* [What is being asked]: Search the records for the word "Courtyard" and pick out every line that has it.

━━━━━ Data shown ━━━━━

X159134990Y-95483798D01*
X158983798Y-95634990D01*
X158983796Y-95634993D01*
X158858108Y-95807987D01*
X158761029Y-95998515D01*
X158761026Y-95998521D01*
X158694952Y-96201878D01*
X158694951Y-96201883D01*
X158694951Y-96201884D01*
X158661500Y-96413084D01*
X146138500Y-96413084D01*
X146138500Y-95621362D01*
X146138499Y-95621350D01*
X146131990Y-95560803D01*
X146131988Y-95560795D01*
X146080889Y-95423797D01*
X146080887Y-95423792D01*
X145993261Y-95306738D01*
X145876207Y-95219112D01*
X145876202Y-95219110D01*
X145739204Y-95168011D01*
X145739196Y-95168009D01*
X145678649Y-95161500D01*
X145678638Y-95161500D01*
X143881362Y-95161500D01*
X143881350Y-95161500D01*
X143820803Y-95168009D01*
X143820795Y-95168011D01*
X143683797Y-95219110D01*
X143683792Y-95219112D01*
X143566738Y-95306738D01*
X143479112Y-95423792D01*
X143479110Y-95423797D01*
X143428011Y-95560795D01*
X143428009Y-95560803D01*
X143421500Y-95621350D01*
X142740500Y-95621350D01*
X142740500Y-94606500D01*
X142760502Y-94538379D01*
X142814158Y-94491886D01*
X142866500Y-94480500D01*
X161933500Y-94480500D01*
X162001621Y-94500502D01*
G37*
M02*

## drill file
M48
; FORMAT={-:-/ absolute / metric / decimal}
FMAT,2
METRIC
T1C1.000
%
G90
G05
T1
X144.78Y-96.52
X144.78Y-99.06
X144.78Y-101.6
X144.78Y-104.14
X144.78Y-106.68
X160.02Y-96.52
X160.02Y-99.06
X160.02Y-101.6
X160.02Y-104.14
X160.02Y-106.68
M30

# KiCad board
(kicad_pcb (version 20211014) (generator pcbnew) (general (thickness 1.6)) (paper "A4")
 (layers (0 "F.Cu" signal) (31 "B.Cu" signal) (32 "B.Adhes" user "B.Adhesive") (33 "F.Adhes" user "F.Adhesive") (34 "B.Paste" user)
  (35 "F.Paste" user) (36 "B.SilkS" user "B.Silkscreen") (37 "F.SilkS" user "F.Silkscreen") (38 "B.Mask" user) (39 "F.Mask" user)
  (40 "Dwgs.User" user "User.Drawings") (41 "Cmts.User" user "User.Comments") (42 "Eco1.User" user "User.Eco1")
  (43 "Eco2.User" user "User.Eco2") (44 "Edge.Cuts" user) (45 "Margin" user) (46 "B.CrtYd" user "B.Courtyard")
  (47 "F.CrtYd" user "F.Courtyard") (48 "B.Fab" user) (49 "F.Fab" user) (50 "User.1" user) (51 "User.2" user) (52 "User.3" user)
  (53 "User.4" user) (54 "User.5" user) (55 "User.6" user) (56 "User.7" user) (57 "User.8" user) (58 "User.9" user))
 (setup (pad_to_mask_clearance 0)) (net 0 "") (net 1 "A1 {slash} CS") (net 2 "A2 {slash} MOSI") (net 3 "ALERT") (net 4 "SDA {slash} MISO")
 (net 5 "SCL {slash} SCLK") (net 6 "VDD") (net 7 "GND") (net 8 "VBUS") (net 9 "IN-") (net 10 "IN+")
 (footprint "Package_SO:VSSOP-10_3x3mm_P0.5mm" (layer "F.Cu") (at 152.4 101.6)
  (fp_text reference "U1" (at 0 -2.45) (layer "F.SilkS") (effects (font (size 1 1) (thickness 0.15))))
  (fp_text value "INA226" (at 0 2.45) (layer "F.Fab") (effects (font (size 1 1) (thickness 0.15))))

━━━━━
━━━━━ Data shown ━━━━━

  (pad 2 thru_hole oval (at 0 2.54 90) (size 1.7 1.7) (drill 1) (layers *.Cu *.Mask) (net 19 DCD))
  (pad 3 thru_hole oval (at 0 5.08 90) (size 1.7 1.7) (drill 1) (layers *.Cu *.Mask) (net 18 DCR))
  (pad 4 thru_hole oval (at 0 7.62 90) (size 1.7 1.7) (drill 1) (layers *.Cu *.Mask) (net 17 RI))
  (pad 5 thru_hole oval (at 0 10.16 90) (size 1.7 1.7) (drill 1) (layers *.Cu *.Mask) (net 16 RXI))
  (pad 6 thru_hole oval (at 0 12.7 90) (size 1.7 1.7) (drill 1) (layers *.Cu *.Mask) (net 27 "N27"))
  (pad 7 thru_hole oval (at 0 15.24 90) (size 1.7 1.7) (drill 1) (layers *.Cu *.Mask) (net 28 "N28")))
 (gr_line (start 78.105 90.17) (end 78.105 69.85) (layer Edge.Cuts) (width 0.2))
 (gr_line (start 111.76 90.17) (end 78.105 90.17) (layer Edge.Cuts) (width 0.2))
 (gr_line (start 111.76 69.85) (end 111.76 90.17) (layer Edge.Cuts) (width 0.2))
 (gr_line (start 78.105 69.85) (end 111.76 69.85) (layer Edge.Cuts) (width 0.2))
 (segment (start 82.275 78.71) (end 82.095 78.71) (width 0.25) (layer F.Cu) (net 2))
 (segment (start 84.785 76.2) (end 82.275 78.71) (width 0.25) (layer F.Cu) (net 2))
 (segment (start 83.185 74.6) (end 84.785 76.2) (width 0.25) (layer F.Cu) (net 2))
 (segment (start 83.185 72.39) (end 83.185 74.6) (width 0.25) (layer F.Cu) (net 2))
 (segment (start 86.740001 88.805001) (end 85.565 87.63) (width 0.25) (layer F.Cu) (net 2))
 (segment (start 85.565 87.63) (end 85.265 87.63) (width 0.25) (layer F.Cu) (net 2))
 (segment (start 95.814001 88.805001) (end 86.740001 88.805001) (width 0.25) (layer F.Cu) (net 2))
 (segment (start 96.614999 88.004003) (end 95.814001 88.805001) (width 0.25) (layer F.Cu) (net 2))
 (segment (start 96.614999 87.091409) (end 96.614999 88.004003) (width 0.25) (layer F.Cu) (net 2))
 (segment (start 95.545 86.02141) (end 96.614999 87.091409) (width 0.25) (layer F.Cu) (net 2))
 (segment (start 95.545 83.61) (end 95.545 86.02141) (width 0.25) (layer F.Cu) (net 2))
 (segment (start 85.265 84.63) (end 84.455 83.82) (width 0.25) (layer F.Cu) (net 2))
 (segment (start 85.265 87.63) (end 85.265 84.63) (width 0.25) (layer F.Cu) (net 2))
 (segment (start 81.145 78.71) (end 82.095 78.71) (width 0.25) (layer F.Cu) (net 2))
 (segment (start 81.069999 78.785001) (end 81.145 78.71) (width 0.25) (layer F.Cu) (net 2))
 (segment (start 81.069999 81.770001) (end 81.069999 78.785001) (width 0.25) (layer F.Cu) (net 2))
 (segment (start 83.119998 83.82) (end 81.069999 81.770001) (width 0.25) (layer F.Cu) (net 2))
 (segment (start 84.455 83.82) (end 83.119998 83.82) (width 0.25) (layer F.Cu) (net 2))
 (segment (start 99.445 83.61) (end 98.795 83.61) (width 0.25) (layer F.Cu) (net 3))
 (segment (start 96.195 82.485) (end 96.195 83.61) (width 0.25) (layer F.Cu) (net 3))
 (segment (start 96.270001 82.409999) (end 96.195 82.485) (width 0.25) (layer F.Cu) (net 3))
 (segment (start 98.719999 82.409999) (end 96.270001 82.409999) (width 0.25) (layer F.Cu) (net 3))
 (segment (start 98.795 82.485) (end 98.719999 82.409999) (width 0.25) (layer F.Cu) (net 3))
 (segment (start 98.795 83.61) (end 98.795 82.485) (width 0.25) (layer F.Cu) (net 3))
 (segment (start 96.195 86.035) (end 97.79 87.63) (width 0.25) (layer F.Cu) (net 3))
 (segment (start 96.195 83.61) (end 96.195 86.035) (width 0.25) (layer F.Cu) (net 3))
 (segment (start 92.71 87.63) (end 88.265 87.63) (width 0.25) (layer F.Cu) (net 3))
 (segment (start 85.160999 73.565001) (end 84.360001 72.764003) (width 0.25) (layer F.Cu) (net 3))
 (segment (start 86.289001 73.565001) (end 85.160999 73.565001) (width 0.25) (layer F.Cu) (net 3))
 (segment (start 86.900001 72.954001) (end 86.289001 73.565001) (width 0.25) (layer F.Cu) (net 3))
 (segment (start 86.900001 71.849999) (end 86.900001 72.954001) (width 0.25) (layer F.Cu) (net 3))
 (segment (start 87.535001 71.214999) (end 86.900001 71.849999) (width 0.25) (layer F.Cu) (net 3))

━━━━━

* [Your response]:
  (43 "Eco2.User" user "User.Eco2") (44 "Edge.Cuts" user) (45 "Margin" user) (46 "B.CrtYd" user "B.Courtyard")
  (47 "F.CrtYd" user "F.Courtyard") (48 "B.Fab" user) (49 "F.Fab" user) (50 "User.1" user) (51 "User.2" user) (52 "User.3" user)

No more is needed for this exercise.